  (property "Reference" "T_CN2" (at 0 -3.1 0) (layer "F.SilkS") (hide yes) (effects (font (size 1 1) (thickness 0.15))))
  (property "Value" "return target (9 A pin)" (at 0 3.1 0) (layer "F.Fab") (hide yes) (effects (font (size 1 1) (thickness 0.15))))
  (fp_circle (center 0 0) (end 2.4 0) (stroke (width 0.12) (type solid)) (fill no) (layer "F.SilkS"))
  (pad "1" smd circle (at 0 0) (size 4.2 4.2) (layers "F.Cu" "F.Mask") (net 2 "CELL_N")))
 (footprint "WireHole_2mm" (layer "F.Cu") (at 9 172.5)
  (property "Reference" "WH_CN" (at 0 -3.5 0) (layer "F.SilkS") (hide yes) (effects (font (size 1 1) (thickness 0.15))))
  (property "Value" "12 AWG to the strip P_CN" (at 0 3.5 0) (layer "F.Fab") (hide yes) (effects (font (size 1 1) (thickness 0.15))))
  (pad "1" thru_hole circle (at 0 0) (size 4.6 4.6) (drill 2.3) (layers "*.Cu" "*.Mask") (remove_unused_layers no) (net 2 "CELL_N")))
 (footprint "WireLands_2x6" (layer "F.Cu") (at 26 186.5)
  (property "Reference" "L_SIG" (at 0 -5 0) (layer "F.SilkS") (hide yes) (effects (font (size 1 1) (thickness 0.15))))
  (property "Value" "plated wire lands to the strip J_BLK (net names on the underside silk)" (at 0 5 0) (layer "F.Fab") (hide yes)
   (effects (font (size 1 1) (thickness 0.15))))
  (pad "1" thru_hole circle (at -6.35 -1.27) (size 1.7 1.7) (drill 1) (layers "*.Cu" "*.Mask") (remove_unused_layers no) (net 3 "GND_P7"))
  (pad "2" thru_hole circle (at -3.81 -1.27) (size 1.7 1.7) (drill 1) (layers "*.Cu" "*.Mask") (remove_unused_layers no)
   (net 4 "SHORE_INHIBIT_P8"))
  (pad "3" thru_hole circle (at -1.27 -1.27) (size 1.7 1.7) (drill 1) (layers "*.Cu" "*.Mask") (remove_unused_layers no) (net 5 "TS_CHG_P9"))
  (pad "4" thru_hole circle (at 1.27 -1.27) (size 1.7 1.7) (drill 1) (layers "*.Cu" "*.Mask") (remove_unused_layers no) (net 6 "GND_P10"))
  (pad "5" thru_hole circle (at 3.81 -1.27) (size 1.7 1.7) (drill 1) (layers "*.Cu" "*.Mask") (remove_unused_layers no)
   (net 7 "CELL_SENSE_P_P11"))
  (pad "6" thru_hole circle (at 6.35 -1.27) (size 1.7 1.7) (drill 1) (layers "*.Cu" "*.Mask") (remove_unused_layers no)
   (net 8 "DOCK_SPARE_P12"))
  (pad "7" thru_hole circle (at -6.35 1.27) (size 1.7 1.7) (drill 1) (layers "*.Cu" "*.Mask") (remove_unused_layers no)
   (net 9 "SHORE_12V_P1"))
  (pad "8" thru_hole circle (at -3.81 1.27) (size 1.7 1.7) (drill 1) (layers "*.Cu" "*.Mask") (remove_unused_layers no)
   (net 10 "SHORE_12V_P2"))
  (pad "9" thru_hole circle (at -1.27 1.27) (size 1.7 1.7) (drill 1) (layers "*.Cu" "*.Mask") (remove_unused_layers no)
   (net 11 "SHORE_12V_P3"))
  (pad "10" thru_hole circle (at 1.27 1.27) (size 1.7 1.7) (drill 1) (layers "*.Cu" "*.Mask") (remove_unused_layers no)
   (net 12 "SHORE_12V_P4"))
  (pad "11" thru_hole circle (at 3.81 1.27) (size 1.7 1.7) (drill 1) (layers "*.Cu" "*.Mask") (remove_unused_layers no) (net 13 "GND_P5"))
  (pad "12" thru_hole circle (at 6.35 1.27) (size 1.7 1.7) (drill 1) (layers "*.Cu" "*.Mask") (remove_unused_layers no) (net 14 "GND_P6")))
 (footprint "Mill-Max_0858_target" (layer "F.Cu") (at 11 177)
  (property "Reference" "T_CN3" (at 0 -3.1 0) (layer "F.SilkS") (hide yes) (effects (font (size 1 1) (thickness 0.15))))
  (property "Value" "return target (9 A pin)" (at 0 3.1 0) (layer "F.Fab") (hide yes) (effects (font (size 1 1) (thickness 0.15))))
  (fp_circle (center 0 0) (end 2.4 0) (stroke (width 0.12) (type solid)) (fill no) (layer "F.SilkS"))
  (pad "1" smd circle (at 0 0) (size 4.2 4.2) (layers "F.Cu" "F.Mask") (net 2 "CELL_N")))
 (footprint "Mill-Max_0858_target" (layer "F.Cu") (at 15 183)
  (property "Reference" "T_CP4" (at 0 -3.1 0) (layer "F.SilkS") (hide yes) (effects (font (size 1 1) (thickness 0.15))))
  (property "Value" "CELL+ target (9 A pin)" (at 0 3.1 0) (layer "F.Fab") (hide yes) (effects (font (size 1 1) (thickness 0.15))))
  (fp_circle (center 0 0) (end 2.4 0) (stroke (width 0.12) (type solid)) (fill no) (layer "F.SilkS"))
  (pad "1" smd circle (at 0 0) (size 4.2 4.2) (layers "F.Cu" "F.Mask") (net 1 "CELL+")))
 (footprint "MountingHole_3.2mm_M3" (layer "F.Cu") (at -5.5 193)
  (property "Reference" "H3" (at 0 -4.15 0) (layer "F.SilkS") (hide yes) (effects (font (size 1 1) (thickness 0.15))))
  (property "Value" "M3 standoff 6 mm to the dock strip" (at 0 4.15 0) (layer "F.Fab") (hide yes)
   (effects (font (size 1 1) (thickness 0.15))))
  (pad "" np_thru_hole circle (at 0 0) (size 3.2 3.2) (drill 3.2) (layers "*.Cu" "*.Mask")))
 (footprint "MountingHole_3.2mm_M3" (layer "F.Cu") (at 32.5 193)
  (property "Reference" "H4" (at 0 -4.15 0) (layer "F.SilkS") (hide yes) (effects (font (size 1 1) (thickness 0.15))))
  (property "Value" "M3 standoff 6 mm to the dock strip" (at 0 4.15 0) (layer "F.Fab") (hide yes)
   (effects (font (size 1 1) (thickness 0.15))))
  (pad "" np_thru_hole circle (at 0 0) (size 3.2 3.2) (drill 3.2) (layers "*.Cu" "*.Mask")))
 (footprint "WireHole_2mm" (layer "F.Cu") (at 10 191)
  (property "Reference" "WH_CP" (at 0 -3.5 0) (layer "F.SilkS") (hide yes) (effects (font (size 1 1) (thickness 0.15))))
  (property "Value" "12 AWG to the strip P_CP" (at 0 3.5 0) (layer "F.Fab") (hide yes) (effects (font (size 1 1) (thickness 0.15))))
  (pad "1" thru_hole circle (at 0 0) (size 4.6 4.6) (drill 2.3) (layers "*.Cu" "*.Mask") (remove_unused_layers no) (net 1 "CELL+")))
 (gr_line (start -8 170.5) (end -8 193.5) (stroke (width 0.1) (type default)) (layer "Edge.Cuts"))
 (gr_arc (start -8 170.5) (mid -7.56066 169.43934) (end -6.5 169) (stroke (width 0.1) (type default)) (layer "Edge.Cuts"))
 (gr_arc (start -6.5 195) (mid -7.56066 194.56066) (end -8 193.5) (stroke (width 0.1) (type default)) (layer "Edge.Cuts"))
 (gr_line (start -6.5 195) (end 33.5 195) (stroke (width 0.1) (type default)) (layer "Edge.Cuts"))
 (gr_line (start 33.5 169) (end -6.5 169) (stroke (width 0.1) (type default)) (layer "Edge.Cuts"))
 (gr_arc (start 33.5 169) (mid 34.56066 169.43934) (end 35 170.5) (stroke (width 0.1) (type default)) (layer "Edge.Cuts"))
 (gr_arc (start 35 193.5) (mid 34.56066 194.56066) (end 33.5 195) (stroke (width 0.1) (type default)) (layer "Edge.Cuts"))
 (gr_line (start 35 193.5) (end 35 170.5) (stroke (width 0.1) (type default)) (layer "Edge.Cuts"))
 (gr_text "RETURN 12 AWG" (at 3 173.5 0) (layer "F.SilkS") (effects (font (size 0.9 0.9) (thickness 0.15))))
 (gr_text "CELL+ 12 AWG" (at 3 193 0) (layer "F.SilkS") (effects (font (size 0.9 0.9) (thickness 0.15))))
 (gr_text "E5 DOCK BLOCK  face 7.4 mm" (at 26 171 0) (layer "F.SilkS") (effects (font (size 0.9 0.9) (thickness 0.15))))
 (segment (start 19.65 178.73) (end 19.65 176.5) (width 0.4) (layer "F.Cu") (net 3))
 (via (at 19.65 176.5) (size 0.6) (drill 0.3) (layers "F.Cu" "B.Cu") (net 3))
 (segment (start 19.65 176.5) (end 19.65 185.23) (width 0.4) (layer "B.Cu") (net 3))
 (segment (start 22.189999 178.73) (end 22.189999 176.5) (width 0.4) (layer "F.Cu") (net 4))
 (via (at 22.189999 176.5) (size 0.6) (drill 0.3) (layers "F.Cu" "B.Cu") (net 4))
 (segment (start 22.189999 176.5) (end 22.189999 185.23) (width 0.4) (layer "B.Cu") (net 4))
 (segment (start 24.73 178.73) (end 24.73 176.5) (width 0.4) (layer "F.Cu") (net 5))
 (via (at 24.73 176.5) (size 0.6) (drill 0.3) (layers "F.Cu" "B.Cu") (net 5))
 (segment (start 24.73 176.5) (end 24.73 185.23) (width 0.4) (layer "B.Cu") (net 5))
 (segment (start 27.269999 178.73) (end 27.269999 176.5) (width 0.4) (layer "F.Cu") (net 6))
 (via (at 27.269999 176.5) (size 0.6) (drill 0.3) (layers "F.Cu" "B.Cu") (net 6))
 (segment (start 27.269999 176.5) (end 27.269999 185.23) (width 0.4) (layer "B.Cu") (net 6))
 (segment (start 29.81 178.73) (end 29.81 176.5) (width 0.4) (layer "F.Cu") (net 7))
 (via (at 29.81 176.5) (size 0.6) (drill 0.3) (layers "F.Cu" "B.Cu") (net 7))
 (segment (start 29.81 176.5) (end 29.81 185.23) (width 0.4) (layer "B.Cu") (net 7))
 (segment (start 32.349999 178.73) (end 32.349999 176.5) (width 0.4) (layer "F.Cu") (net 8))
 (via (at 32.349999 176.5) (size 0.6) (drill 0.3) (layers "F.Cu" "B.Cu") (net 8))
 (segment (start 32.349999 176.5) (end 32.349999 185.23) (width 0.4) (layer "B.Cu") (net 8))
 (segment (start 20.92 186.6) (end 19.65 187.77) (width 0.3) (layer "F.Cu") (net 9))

========

■ Directions ■
Each line from the one holding "(segment (start 22.189999 178.73)" through the last line of the data is to be transcribed exactly, with nothing else added.

■ Response to this exercise ■
 (segment (start 22.189999 178.73) (end 22.189999 176.5) (width 0.4) (layer "F.Cu") (net 4))
 (via (at 22.189999 176.5) (size 0.6) (drill 0.3) (layers "F.Cu" "B.Cu") (net 4))
 (segment (start 22.189999 176.5) (end 22.189999 185.23) (width 0.4) (layer "B.Cu") (net 4))
 (segment (start 24.73 178.73) (end 24.73 176.5) (width 0.4) (layer "F.Cu") (net 5))
 (via (at 24.73 176.5) (size 0.6) (drill 0.3) (layers "F.Cu" "B.Cu") (net 5))
 (segment (start 24.73 176.5) (end 24.73 185.23) (width 0.4) (layer "B.Cu") (net 5))
 (segment (start 27.269999 178.73) (end 27.269999 176.5) (width 0.4) (layer "F.Cu") (net 6))
 (via (at 27.269999 176.5) (size 0.6) (drill 0.3) (layers "F.Cu" "B.Cu") (net 6))
 (segment (start 27.269999 176.5) (end 27.269999 185.23) (width 0.4) (layer "B.Cu") (net 6))
 (segment (start 29.81 178.73) (end 29.81 176.5) (width 0.4) (layer "F.Cu") (net 7))
 (via (at 29.81 176.5) (size 0.6) (drill 0.3) (layers "F.Cu" "B.Cu") (net 7))
 (segment (start 29.81 176.5) (end 29.81 185.23) (width 0.4) (layer "B.Cu") (net 7))
 (segment (start 32.349999 178.73) (end 32.349999 176.5) (width 0.4) (layer "F.Cu") (net 8))
 (via (at 32.349999 176.5) (size 0.6) (drill 0.3) (layers "F.Cu" "B.Cu") (net 8))
 (segment (start 32.349999 176.5) (end 32.349999 185.23) (width 0.4) (layer "B.Cu") (net 8))
 (segment (start 20.92 186.6) (end 19.65 187.77) (width 0.3) (layer "F.Cu") (net 9))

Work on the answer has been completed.